Our refined double-pump looping model [10,11] for bi-directional DNA unwinding by a double hexameric helicase (such as LTag or MCM). (A) Two hexamers stay together through N-N interactions. The C-terminal AAA+ motor domain pumping the dsDNA ahead of the fork into the double hexamer, extruding the separated ssDNA as loops.

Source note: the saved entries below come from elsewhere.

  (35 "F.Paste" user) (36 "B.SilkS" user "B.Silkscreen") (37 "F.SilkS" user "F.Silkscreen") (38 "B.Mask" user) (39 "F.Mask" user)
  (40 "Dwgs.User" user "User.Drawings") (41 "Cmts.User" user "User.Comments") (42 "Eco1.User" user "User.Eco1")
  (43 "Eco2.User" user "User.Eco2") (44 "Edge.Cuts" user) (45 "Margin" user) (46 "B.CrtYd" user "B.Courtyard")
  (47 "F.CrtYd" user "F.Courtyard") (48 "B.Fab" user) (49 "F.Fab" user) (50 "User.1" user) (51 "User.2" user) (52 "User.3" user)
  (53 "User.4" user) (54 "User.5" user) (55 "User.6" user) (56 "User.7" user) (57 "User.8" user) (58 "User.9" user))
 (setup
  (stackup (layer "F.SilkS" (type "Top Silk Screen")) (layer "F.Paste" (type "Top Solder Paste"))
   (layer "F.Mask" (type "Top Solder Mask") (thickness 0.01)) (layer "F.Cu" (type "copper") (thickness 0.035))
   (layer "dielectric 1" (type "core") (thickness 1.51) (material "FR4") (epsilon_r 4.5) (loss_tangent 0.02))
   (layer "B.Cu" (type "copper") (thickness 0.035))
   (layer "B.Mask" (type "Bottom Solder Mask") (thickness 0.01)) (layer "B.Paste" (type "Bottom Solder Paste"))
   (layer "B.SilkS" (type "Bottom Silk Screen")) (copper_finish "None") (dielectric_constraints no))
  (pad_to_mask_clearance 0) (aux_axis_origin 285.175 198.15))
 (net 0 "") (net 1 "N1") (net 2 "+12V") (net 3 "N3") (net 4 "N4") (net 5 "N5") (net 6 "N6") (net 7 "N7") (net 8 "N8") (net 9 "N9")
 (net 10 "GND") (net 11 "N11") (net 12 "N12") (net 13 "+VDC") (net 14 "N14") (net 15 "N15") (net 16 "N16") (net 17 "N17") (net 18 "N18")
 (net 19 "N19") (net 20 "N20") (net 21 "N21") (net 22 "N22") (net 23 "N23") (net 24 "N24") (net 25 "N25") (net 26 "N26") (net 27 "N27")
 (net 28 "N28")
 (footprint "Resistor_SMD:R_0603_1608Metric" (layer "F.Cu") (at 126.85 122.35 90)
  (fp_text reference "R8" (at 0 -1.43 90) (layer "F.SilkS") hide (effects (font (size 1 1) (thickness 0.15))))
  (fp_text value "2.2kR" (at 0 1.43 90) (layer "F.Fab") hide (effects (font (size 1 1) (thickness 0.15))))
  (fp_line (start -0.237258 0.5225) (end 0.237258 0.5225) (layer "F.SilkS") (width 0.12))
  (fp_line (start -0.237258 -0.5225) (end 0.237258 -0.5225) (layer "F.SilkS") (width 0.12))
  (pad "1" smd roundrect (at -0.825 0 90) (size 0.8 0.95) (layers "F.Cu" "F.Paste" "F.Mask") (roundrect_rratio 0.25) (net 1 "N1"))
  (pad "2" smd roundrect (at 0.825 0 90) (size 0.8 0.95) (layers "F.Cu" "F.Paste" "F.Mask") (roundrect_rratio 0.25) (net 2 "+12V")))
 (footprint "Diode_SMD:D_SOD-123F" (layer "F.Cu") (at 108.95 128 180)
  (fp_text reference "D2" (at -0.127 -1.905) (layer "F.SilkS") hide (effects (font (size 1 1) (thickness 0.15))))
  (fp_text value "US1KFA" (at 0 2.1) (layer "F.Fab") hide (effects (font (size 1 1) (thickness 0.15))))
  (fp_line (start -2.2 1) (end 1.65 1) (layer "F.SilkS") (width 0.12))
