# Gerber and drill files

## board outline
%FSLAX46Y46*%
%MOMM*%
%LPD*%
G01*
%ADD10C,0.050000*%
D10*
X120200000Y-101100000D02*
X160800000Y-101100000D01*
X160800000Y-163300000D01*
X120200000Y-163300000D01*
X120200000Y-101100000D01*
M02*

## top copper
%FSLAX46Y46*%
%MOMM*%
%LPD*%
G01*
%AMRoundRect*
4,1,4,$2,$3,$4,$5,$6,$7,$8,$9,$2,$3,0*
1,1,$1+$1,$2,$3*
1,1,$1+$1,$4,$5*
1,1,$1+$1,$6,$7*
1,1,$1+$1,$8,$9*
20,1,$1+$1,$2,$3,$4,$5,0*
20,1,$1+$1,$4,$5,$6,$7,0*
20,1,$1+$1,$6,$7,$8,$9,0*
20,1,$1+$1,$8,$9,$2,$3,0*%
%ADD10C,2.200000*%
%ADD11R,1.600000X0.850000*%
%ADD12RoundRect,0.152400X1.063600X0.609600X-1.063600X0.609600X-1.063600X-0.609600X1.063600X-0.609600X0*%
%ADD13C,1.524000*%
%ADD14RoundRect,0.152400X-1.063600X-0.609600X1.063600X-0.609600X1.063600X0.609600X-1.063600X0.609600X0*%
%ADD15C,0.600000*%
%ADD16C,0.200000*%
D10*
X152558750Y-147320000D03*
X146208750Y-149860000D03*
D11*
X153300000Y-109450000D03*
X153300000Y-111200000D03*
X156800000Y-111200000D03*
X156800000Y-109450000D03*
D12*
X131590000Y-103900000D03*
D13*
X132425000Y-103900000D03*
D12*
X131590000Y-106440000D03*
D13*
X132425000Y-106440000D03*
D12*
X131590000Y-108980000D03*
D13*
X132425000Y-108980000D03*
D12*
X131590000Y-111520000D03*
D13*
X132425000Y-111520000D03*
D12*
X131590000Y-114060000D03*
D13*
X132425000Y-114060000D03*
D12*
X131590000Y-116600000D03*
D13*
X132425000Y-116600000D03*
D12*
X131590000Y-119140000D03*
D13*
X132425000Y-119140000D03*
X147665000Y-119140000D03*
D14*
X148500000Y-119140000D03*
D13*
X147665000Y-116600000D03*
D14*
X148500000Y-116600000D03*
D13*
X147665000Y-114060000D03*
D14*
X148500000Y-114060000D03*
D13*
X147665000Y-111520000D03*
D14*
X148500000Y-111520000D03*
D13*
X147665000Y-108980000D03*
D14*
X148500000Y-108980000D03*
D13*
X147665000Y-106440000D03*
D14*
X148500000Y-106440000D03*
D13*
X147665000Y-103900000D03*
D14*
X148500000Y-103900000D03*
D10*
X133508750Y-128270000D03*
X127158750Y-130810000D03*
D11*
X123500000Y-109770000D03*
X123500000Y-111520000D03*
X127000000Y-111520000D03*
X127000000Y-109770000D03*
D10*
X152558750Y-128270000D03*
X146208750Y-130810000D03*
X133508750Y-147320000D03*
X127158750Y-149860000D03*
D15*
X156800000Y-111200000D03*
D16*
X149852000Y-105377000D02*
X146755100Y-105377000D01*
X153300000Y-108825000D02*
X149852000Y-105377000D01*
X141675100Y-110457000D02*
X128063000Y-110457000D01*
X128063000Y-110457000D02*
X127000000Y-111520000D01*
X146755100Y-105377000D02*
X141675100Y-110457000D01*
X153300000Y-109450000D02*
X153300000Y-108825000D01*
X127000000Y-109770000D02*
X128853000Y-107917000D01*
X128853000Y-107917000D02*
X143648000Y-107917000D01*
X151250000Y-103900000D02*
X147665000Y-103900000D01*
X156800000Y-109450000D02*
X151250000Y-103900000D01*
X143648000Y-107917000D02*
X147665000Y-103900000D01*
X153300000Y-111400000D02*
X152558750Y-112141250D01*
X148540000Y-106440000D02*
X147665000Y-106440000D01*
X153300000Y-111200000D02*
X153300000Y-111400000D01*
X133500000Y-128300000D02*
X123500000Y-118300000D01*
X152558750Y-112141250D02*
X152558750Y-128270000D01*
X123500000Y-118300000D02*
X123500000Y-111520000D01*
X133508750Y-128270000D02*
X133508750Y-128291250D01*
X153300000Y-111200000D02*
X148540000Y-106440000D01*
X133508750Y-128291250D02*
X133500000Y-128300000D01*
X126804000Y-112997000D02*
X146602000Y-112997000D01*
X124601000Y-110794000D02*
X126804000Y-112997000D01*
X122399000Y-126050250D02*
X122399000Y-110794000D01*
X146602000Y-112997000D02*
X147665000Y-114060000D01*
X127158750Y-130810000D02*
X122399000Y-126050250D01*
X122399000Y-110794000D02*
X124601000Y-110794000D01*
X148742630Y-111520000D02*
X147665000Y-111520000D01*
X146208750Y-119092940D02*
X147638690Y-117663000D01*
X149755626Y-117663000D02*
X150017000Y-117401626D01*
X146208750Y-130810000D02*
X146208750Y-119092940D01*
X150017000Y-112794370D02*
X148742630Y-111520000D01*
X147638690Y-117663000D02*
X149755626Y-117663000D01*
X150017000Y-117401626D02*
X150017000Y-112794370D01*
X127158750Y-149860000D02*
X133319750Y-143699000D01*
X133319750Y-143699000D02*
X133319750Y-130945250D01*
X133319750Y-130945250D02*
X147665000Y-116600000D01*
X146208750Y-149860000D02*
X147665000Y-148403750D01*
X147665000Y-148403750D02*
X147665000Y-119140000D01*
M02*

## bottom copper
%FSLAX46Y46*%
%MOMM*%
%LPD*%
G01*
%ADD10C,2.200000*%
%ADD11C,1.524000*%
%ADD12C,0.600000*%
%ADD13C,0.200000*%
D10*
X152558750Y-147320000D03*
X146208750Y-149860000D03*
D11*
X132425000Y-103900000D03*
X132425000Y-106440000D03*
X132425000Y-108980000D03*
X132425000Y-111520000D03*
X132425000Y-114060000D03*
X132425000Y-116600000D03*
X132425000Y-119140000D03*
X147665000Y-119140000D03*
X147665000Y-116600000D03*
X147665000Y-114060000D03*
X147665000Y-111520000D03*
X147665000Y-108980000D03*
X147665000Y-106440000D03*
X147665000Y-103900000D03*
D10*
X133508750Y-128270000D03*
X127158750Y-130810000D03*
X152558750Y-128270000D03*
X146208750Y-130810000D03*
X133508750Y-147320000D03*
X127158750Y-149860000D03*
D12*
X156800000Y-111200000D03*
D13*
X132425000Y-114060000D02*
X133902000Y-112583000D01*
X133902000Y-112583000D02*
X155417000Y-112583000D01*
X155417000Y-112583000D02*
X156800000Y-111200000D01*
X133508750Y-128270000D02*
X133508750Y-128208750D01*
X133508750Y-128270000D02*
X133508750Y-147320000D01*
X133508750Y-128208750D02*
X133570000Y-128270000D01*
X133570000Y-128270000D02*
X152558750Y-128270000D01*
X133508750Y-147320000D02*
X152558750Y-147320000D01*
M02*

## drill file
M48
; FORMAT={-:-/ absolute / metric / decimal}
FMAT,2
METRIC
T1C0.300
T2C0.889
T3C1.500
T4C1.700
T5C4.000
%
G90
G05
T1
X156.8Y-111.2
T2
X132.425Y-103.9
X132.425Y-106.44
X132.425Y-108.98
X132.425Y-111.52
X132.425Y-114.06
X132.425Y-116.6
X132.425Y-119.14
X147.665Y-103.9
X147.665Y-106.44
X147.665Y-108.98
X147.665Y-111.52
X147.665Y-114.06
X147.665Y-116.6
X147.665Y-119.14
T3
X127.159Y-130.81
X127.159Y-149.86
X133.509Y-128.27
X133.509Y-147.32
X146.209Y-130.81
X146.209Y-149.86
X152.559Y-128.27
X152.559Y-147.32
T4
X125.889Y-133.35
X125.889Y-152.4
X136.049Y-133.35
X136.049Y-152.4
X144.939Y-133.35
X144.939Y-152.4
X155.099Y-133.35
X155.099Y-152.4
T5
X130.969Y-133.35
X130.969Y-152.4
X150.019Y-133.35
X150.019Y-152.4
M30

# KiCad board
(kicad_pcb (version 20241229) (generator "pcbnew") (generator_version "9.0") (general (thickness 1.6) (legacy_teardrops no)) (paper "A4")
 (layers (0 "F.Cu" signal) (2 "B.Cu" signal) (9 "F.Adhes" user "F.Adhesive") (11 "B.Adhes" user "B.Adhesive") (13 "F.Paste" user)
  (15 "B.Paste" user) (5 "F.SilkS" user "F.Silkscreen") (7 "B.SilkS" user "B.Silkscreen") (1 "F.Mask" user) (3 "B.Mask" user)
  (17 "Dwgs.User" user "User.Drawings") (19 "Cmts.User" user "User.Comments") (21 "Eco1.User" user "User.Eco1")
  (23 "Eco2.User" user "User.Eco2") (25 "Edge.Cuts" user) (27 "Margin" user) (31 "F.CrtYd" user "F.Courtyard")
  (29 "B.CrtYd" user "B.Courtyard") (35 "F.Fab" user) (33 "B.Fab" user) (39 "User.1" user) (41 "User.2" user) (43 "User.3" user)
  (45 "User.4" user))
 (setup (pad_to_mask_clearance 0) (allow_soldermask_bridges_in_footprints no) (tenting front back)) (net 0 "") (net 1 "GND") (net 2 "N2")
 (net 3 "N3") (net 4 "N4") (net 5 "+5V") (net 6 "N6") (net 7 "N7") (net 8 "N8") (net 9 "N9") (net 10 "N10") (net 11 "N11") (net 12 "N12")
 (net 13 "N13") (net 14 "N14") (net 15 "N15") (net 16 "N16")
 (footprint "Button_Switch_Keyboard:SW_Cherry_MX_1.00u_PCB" (layer "F.Cu") (at 152.55875 147.32)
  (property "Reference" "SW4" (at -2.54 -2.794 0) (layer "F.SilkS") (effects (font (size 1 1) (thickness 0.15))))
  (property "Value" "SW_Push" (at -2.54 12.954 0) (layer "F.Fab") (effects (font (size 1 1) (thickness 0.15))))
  (pad "" np_thru_hole circle (at -7.62 5.08) (size 1.7 1.7) (drill 1.7) (layers "*.Cu" "*.Mask"))
  (pad "" np_thru_hole circle (at -2.54 5.08) (size 4 4) (drill 4) (layers "*.Cu" "*.Mask"))
  (pad "" np_thru_hole circle (at 2.54 5.08) (size 1.7 1.7) (drill 1.7) (layers "*.Cu" "*.Mask"))
  (pad "1" thru_hole circle (at 0 0) (size 2.2 2.2) (drill 1.5) (layers "*.Cu" "*.Mask") (remove_unused_layers no) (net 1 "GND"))
  (pad "2" thru_hole circle (at -6.35 2.54) (size 2.2 2.2) (drill 1.5) (layers "*.Cu" "*.Mask") (remove_unused_layers no) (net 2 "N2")))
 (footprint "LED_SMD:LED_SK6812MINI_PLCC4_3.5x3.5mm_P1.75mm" (layer "F.Cu") (at 155.05 110.325)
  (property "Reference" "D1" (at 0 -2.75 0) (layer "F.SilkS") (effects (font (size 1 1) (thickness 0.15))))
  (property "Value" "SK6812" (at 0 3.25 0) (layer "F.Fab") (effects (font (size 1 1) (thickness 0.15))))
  (pad "1" smd rect (at -1.75 -0.875) (size 1.6 0.85) (layers "F.Cu" "F.Mask" "F.Paste") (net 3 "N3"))
  (pad "2" smd rect (at -1.75 0.875) (size 1.6 0.85) (layers "F.Cu" "F.Mask" "F.Paste") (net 1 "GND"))
  (pad "3" smd rect (at 1.75 0.875) (size 1.6 0.85) (layers "F.Cu" "F.Mask" "F.Paste") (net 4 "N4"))
  (pad "4" smd rect (at 1.75 -0.875) (size 1.6 0.85) (layers "F.Cu" "F.Mask" "F.Paste") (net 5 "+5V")))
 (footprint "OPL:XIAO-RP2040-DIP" (layer "F.Cu") (at 140.045 111.52)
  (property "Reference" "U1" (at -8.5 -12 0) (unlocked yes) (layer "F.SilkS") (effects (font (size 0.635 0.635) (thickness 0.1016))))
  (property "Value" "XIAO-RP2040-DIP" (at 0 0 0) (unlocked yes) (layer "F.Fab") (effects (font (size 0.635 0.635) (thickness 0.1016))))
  (pad "1" smd roundrect (at -8.455 -7.62 180) (size 2.432 1.524) (layers "F.Cu" "F.Mask") (roundrect_rratio 0.1) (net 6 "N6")
   (thermal_bridge_angle 45))
  (pad "1" thru_hole circle (at -7.62 -7.62 180) (size 1.524 1.524) (drill 0.889) (layers "*.Cu" "*.Mask") (remove_unused_layers no)
   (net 6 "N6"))
  (pad "2" smd roundrect (at -8.455 -5.08 180) (size 2.432 1.524) (layers "F.Cu" "F.Mask") (roundrect_rratio 0.1) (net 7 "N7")
   (thermal_bridge_angle 45))
  (pad "2" thru_hole circle (at -7.62 -5.08 180) (size 1.524 1.524) (drill 0.889) (layers "*.Cu" "*.Mask") (remove_unused_layers no)
   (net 7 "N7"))
  (pad "3" smd roundrect (at -8.455 -2.54 180) (size 2.432 1.524) (layers "F.Cu" "F.Mask") (roundrect_rratio 0.1) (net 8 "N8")
   (thermal_bridge_angle 45))
  (pad "3" thru_hole circle (at -7.62 -2.54 180) (size 1.524 1.524) (drill 0.889) (layers "*.Cu" "*.Mask") (remove_unused_layers no)
   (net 8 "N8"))
  (pad "4" smd roundrect (at -8.455 0 180) (size 2.432 1.524) (layers "F.Cu" "F.Mask") (roundrect_rratio 0.1) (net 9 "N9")
   (thermal_bridge_angle 45))
  (pad "4" thru_hole circle (at -7.62 0 180) (size 1.524 1.524) (drill 0.889) (layers "*.Cu" "*.Mask") (remove_unused_layers no)
   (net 9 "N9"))
  (pad "5" smd roundrect (at -8.455 2.54 180) (size 2.432 1.524) (layers "F.Cu" "F.Mask") (roundrect_rratio 0.1) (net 4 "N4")
   (thermal_bridge_angle 45))
  (pad "5" thru_hole circle (at -7.62 2.54 180) (size 1.524 1.524) (drill 0.889) (layers "*.Cu" "*.Mask") (remove_unused_layers no)
   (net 4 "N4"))
  (pad "6" smd roundrect (at -8.455 5.08 180) (size 2.432 1.524) (layers "F.Cu" "F.Mask") (roundrect_rratio 0.1) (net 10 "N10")
   (thermal_bridge_angle 45))
  (pad "6" thru_hole circle (at -7.62 5.08 180) (size 1.524 1.524) (drill 0.889) (layers "*.Cu" "*.Mask") (remove_unused_layers no)
   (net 10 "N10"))
  (pad "7" smd roundrect (at -8.455 7.62 180) (size 2.432 1.524) (layers "F.Cu" "F.Mask") (roundrect_rratio 0.1) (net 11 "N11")
   (thermal_bridge_angle 45))
  (pad "7" thru_hole circle (at -7.62 7.62 180) (size 1.524 1.524) (drill 0.889) (layers "*.Cu" "*.Mask") (remove_unused_layers no)
   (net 11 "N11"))
  (pad "8" thru_hole circle (at 7.62 7.62) (size 1.524 1.524) (drill 0.889) (layers "*.Cu" "*.Mask") (remove_unused_layers no) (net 2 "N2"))
  (pad "8" smd roundrect (at 8.455 7.62) (size 2.432 1.524) (layers "F.Cu" "F.Mask") (roundrect_rratio 0.1) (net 2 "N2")
   (thermal_bridge_angle 45))
  (pad "9" thru_hole circle (at 7.62 5.08) (size 1.524 1.524) (drill 0.889) (layers "*.Cu" "*.Mask") (remove_unused_layers no)
   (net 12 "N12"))
  (pad "9" smd roundrect (at 8.455 5.08) (size 2.432 1.524) (layers "F.Cu" "F.Mask") (roundrect_rratio 0.1) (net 12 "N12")
   (thermal_bridge_angle 45))
  (pad "10" thru_hole circle (at 7.62 2.54) (size 1.524 1.524) (drill 0.889) (layers "*.Cu" "*.Mask") (remove_unused_layers no)
   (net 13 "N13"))
  (pad "10" smd roundrect (at 8.455 2.54) (size 2.432 1.524) (layers "F.Cu" "F.Mask") (roundrect_rratio 0.1) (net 13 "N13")
   (thermal_bridge_angle 45))
  (pad "11" thru_hole circle (at 7.62 0) (size 1.524 1.524) (drill 0.889) (layers "*.Cu" "*.Mask") (remove_unused_layers no) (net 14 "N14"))
  (pad "11" smd roundrect (at 8.455 0) (size 2.432 1.524) (layers "F.Cu" "F.Mask") (roundrect_rratio 0.1) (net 14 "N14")
   (thermal_bridge_angle 45))
  (pad "12" thru_hole circle (at 7.62 -2.54) (size 1.524 1.524) (drill 0.889) (layers "*.Cu" "*.Mask") (remove_unused_layers no)
   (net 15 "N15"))
  (pad "12" smd roundrect (at 8.455 -2.54) (size 2.432 1.524) (layers "F.Cu" "F.Mask") (roundrect_rratio 0.1) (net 15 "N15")
   (thermal_bridge_angle 45))
  (pad "13" thru_hole circle (at 7.62 -5.08) (size 1.524 1.524) (drill 0.889) (layers "*.Cu" "*.Mask") (remove_unused_layers no)
   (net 1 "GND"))
  (pad "13" smd roundrect (at 8.455 -5.08) (size 2.432 1.524) (layers "F.Cu" "F.Mask") (roundrect_rratio 0.1) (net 1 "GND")
   (thermal_bridge_angle 45))
  (pad "14" thru_hole circle (at 7.62 -7.62) (size 1.524 1.524) (drill 0.889) (layers "*.Cu" "*.Mask") (remove_unused_layers no)
   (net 5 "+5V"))
  (pad "14" smd roundrect (at 8.455 -7.62) (size 2.432 1.524) (layers "F.Cu" "F.Mask") (roundrect_rratio 0.1) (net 5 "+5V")
   (thermal_bridge_angle 45)))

The dsDNA traversing the narrow channel in the AAA+ domain may be squeezed and melted and is poised to be separated into two strands by the next cycle of pumping toward the N-terminus. The separated ssDNA may force its way between two subunits in the Zn-domain area, extruding through two side channels on each hexamer as loops [11]. During replication, primase, polymerase, RPA, and other replication proteins dock on the side of the double hexamer near the side-channel, capturing the emerging ssDNA loops as the template for synthesizing the leading and lagging strands. (B) A slight variation of the looping topology from panel-A, showing an asymmetric looping. Here only one ssDNA exits from the helicase domain side channel, and the other ssDNA exits around the junction between two double hexamers.